#### [Work instruction]
Find the line holding "X182500000Y-90500000D01*" in the entries below. Give it again exactly, along with every line after it up to and including the line holding "X123525000Y-96085000D01*".

Stored items:

^^^^

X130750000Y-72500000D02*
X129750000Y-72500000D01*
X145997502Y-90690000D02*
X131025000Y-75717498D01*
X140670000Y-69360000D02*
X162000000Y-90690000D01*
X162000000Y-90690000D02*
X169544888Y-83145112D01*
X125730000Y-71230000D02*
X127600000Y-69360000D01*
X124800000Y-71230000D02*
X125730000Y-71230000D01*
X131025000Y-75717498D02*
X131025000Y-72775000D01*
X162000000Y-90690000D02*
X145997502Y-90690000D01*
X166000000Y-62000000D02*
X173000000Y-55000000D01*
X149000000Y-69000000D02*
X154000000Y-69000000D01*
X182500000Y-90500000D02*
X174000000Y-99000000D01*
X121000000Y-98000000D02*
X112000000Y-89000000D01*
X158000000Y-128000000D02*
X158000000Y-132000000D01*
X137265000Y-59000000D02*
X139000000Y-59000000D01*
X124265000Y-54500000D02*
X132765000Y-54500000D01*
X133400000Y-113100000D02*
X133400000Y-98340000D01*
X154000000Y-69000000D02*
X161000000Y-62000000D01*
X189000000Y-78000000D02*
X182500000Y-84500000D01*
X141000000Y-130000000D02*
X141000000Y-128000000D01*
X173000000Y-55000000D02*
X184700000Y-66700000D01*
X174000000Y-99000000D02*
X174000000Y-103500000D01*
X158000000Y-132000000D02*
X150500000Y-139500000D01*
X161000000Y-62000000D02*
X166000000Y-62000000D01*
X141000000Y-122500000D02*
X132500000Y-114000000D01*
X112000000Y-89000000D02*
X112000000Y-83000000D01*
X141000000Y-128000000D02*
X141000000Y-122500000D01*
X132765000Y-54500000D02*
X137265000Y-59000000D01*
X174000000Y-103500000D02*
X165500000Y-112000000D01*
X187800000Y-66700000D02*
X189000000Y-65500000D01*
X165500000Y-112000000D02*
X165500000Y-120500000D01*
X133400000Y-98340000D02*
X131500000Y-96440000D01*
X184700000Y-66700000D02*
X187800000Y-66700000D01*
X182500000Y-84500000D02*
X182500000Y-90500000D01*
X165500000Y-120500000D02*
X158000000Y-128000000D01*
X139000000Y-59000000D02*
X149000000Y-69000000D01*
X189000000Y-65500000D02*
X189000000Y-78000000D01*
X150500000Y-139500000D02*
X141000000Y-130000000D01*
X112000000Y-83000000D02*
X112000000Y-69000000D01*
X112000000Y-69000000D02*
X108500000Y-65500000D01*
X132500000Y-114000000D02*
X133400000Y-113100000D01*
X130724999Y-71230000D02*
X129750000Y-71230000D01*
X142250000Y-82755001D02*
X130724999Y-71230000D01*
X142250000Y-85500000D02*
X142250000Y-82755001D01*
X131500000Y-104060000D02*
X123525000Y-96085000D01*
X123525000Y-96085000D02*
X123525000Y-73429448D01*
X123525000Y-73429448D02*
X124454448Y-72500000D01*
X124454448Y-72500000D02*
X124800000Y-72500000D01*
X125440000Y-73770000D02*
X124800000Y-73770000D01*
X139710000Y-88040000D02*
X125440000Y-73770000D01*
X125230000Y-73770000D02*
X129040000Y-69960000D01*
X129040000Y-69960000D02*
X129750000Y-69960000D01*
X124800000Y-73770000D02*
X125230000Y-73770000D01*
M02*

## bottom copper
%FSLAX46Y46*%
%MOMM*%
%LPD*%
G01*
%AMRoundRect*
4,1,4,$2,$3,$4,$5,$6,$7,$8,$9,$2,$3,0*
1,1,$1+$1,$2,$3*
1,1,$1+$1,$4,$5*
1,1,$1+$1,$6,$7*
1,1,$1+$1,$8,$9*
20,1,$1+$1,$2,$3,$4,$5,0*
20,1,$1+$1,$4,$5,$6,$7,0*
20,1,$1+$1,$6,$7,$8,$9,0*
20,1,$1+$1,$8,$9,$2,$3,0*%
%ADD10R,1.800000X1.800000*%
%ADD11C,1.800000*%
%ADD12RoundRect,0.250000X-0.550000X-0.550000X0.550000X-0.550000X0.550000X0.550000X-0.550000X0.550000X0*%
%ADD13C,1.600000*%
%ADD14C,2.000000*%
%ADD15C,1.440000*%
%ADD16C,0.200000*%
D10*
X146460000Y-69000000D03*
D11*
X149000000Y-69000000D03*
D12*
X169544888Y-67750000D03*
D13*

^^^^

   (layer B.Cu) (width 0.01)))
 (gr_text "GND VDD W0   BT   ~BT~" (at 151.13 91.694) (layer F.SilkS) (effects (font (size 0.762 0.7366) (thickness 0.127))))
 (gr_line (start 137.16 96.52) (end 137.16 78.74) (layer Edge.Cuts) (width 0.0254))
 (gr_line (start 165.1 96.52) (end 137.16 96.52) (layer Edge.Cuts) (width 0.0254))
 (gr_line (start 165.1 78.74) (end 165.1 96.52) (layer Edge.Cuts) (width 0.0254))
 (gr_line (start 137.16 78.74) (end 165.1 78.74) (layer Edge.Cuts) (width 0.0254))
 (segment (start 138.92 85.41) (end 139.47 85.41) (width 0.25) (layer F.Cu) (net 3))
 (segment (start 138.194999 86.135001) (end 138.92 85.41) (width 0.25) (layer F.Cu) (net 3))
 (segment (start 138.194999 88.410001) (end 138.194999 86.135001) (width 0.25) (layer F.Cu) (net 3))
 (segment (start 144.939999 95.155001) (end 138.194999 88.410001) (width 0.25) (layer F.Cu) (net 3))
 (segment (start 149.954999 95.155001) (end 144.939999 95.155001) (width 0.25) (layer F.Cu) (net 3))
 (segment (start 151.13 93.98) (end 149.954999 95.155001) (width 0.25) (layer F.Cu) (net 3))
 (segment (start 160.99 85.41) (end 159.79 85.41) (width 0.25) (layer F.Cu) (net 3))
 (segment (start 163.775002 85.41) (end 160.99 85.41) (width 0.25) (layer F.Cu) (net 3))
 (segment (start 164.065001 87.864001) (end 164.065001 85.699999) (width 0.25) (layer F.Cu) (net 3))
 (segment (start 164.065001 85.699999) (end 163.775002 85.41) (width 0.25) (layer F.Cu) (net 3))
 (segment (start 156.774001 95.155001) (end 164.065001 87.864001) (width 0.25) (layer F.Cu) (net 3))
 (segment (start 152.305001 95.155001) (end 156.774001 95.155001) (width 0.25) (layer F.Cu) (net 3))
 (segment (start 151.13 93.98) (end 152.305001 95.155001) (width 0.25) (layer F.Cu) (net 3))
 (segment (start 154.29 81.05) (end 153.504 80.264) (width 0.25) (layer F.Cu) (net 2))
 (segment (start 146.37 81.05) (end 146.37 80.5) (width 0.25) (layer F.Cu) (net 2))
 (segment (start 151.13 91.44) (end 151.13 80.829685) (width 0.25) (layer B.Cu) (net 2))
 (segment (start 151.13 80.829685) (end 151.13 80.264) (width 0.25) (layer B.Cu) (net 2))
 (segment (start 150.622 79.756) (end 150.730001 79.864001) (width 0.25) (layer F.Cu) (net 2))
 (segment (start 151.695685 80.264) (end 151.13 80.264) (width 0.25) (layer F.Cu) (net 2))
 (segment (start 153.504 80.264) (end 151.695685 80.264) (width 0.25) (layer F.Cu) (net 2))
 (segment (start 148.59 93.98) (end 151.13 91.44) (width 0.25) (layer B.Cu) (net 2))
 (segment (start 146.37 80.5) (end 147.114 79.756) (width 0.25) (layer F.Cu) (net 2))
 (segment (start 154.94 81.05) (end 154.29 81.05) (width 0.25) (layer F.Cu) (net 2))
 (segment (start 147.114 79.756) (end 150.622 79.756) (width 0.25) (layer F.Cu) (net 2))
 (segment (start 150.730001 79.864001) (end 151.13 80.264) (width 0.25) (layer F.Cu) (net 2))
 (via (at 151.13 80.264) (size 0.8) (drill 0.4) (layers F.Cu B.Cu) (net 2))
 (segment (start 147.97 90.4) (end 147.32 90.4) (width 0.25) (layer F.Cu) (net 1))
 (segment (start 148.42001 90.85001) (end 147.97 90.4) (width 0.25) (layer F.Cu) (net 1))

^^^^

#### [Written answer]
X182500000Y-90500000D01*
X165500000Y-120500000D02*
X158000000Y-128000000D01*
X139000000Y-59000000D02*
X149000000Y-69000000D01*
X189000000Y-65500000D02*
X189000000Y-78000000D01*
X150500000Y-139500000D02*
X141000000Y-130000000D01*
X112000000Y-83000000D02*
X112000000Y-69000000D01*
X112000000Y-69000000D02*
X108500000Y-65500000D01*
X132500000Y-114000000D02*
X133400000Y-113100000D01*
X130724999Y-71230000D02*
X129750000Y-71230000D01*
X142250000Y-82755001D02*
X130724999Y-71230000D01*
X142250000Y-85500000D02*
X142250000Y-82755001D01*
X131500000Y-104060000D02*
X123525000Y-96085000D01*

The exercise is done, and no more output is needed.